> [What you are asked to do]
Retype, word for word, each line between the lines holding "X164438095Y-105950057D01*" and "X176738095Y-99661961D01*", inclusive, and leave the rest of the data alone.

> [Data section]
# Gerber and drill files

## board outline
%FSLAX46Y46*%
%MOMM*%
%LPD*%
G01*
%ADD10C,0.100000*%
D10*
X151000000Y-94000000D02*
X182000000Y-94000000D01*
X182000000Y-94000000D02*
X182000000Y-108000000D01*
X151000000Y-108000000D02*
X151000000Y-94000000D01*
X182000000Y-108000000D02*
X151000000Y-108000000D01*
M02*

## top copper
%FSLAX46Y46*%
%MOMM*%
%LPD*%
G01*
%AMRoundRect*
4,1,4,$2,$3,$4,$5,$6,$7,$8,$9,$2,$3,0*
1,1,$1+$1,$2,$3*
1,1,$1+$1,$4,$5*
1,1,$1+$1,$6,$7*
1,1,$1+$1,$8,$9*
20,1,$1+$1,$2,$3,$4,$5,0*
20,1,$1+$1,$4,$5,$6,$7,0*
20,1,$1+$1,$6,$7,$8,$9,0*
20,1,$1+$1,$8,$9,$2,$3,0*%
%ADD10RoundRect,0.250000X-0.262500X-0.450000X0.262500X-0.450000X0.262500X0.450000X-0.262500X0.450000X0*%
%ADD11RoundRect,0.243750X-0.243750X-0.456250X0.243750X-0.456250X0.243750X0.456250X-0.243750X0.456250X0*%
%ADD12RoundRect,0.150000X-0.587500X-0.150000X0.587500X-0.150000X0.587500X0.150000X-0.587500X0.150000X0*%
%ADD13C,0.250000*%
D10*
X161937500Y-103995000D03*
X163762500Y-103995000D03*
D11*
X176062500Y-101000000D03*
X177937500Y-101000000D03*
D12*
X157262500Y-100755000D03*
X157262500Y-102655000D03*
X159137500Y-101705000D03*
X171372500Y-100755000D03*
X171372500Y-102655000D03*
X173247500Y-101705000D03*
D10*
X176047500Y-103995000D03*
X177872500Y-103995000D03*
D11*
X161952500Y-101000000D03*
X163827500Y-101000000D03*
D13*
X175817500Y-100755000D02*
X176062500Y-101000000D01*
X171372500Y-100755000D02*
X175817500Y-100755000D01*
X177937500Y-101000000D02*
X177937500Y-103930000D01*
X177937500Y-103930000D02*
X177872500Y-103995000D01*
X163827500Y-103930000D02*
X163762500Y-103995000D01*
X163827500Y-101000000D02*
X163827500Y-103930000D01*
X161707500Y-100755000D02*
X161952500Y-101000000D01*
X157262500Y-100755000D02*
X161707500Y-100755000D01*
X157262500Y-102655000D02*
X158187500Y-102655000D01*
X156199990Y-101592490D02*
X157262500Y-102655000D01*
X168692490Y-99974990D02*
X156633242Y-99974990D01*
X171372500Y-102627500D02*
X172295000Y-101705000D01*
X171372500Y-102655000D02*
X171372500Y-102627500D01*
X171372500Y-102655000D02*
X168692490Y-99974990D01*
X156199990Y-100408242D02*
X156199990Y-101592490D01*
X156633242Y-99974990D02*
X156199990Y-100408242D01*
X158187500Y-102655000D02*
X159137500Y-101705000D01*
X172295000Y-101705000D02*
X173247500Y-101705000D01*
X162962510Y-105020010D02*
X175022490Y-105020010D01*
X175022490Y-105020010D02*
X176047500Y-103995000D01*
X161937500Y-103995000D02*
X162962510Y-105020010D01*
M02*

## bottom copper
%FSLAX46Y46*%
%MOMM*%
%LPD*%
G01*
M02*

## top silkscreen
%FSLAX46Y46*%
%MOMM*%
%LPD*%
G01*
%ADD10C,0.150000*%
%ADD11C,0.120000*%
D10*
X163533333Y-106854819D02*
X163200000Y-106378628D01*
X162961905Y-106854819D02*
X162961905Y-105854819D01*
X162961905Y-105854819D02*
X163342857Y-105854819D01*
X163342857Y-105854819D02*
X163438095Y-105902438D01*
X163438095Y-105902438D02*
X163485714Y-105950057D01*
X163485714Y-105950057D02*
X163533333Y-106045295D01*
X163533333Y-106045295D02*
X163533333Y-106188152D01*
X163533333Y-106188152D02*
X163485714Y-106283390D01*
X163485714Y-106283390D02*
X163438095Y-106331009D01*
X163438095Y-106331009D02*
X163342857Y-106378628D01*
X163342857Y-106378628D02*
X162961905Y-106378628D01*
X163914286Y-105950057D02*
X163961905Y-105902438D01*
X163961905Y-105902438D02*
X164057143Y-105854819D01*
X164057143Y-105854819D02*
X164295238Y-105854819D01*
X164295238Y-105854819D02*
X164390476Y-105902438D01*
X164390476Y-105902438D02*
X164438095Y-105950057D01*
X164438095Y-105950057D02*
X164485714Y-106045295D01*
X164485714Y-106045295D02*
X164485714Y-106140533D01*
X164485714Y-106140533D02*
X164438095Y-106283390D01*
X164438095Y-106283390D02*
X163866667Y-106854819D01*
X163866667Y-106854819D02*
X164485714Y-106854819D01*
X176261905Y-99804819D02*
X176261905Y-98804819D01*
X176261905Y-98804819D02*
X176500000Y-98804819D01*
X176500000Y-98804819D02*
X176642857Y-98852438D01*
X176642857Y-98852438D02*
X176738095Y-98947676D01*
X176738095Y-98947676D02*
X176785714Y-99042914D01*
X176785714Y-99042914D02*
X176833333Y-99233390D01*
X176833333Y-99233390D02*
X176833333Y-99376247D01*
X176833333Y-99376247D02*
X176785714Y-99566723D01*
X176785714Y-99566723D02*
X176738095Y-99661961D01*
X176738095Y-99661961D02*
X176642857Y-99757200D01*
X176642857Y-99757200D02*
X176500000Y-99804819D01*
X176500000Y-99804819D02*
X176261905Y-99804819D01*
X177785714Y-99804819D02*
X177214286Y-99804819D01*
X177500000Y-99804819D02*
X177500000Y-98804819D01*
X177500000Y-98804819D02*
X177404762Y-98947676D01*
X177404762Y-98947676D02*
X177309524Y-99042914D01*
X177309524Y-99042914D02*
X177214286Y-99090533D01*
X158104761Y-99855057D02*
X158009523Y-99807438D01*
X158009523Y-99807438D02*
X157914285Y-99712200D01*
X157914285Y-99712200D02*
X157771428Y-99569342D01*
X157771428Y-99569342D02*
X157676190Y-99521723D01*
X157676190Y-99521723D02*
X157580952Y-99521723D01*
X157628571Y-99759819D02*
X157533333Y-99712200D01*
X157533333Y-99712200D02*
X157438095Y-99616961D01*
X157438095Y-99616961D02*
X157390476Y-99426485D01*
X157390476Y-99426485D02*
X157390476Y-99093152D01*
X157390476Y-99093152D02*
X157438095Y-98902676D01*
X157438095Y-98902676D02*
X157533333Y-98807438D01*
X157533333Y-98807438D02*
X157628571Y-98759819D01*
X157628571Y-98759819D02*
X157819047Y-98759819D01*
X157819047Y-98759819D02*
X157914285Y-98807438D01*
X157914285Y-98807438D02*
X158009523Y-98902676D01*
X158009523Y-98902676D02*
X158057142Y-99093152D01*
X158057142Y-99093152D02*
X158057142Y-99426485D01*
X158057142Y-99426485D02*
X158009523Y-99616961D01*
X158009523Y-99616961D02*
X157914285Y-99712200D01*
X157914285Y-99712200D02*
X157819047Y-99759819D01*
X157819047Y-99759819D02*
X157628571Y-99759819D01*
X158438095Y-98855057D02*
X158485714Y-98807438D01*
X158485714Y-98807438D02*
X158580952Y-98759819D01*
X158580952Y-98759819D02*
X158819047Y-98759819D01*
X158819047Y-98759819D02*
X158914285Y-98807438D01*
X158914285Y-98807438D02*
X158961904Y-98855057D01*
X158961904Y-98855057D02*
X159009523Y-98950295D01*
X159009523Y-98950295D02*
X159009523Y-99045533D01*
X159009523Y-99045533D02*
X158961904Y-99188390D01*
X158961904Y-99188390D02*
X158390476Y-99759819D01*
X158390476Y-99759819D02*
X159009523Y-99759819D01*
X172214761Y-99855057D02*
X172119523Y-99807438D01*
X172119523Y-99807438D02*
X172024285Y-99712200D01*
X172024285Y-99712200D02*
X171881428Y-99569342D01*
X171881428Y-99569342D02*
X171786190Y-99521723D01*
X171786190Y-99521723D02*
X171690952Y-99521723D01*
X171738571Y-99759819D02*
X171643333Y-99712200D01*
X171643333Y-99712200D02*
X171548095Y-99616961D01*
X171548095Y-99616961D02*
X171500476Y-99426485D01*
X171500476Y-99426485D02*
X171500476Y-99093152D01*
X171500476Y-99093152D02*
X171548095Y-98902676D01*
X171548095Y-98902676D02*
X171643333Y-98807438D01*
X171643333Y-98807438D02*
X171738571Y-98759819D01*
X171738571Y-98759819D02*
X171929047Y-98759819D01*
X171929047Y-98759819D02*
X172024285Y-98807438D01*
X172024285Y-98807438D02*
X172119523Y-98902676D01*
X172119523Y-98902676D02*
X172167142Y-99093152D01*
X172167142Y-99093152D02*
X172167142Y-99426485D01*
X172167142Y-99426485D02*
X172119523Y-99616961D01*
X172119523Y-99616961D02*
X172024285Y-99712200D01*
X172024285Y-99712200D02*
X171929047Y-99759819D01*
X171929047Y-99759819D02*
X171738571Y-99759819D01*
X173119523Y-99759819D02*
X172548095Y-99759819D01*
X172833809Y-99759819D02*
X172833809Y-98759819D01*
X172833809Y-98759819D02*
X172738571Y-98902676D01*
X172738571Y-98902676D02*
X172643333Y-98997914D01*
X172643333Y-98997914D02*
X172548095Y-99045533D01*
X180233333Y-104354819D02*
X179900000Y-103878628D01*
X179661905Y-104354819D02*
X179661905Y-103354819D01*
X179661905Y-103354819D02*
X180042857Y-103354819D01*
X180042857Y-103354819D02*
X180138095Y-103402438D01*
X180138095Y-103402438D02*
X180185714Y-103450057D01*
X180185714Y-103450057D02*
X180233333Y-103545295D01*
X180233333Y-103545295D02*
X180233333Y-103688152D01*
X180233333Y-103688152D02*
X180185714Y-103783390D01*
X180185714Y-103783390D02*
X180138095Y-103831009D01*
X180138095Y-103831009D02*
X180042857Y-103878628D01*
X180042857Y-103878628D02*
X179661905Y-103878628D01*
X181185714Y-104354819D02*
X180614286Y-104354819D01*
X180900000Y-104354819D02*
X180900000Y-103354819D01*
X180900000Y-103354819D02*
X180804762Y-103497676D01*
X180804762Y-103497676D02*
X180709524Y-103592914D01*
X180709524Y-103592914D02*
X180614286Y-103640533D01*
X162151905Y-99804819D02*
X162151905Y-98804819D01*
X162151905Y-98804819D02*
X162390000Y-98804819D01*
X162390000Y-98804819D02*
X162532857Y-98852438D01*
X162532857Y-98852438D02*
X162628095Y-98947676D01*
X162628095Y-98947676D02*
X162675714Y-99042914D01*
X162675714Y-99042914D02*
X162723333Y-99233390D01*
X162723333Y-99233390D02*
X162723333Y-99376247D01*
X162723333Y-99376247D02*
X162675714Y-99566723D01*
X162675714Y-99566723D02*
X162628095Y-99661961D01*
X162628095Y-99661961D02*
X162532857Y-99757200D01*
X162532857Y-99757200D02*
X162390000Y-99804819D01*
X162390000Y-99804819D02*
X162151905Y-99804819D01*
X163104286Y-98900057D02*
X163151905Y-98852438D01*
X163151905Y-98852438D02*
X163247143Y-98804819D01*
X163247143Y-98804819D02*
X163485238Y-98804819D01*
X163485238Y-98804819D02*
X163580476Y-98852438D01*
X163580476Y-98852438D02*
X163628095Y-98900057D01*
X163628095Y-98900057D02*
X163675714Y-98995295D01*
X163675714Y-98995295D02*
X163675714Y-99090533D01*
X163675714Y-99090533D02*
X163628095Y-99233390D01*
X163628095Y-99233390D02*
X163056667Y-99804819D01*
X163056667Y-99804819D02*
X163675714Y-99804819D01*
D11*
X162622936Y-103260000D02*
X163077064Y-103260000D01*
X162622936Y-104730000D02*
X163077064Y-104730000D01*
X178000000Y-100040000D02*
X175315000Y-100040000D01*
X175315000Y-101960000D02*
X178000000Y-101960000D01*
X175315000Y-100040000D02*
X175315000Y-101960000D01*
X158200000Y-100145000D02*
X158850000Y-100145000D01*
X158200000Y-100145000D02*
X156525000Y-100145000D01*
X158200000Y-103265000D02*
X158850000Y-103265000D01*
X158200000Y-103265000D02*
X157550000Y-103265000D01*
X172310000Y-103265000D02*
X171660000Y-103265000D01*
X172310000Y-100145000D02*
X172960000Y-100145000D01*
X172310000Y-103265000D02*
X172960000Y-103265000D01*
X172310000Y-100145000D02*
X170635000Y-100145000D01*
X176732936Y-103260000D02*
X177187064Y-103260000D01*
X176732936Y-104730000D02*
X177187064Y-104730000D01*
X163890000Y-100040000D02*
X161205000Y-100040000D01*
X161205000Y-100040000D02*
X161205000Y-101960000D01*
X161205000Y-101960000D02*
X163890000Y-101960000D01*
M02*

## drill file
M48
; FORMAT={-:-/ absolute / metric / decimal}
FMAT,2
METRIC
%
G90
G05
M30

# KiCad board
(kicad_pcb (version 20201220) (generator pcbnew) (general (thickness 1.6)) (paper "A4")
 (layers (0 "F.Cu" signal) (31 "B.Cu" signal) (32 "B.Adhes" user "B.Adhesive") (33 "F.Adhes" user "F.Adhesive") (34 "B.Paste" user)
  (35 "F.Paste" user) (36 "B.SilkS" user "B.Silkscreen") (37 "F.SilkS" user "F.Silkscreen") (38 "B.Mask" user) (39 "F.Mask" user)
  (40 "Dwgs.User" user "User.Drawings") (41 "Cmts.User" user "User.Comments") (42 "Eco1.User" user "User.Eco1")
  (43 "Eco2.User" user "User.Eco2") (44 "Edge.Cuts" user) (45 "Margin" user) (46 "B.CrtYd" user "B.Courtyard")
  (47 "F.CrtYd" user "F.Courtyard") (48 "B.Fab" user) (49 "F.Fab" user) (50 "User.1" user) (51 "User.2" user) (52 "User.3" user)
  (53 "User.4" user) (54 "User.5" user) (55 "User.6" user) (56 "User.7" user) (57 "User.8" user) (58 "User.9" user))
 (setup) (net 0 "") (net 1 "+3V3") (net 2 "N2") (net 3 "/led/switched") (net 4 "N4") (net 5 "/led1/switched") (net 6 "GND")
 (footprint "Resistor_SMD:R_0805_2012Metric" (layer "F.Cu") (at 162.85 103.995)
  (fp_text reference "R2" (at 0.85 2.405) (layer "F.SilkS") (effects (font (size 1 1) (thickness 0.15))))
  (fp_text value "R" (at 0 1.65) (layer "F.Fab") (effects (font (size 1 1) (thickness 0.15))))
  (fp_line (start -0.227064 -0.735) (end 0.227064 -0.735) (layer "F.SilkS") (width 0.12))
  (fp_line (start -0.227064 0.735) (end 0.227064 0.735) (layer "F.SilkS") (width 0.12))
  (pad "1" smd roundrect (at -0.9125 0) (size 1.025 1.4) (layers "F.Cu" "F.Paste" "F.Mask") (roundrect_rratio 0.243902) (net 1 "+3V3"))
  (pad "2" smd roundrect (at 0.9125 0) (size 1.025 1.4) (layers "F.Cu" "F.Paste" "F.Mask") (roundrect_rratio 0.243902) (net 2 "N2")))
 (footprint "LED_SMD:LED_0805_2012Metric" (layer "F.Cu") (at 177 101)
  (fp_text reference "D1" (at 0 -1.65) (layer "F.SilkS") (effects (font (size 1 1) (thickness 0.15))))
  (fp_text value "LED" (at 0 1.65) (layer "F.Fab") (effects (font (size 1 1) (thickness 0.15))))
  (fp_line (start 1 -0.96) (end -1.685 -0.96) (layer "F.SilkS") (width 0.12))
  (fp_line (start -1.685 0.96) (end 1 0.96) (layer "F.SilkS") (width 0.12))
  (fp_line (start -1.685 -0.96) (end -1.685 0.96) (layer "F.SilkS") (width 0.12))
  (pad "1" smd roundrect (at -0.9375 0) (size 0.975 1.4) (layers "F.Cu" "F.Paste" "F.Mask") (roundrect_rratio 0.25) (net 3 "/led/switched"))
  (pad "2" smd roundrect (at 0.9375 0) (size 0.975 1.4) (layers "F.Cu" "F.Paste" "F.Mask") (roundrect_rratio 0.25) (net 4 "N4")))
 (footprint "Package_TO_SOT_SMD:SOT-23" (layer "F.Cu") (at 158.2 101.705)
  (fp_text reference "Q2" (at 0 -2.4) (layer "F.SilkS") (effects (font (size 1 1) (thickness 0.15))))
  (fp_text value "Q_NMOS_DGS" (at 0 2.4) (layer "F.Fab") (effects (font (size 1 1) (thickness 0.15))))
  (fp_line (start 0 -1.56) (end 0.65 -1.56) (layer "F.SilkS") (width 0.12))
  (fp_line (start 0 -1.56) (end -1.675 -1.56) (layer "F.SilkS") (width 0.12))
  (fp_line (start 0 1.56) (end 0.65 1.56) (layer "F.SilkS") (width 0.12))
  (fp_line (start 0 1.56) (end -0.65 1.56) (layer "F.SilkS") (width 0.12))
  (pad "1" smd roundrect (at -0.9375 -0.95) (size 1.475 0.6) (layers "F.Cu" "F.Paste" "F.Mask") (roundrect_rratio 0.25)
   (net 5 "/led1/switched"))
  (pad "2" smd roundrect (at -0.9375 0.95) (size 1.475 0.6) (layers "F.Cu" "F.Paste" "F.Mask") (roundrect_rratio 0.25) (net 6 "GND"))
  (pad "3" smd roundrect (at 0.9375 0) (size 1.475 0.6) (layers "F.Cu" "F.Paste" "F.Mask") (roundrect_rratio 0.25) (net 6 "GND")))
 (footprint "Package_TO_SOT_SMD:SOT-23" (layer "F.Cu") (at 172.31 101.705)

> [Answer box]
X164438095Y-105950057D01*
X164438095Y-105950057D02*
X164485714Y-106045295D01*
X164485714Y-106045295D02*
X164485714Y-106140533D01*
X164485714Y-106140533D02*
X164438095Y-106283390D01*
X164438095Y-106283390D02*
X163866667Y-106854819D01*
X163866667Y-106854819D02*
X164485714Y-106854819D01*
X176261905Y-99804819D02*
X176261905Y-98804819D01*
X176261905Y-98804819D02*
X176500000Y-98804819D01*
X176500000Y-98804819D02*
X176642857Y-98852438D01*
X176642857Y-98852438D02*
X176738095Y-98947676D01*
X176738095Y-98947676D02*
X176785714Y-99042914D01*
X176785714Y-99042914D02*
X176833333Y-99233390D01*
X176833333Y-99233390D02*
X176833333Y-99376247D01*
X176833333Y-99376247D02*
X176785714Y-99566723D01*
X176785714Y-99566723D02*
X176738095Y-99661961D01*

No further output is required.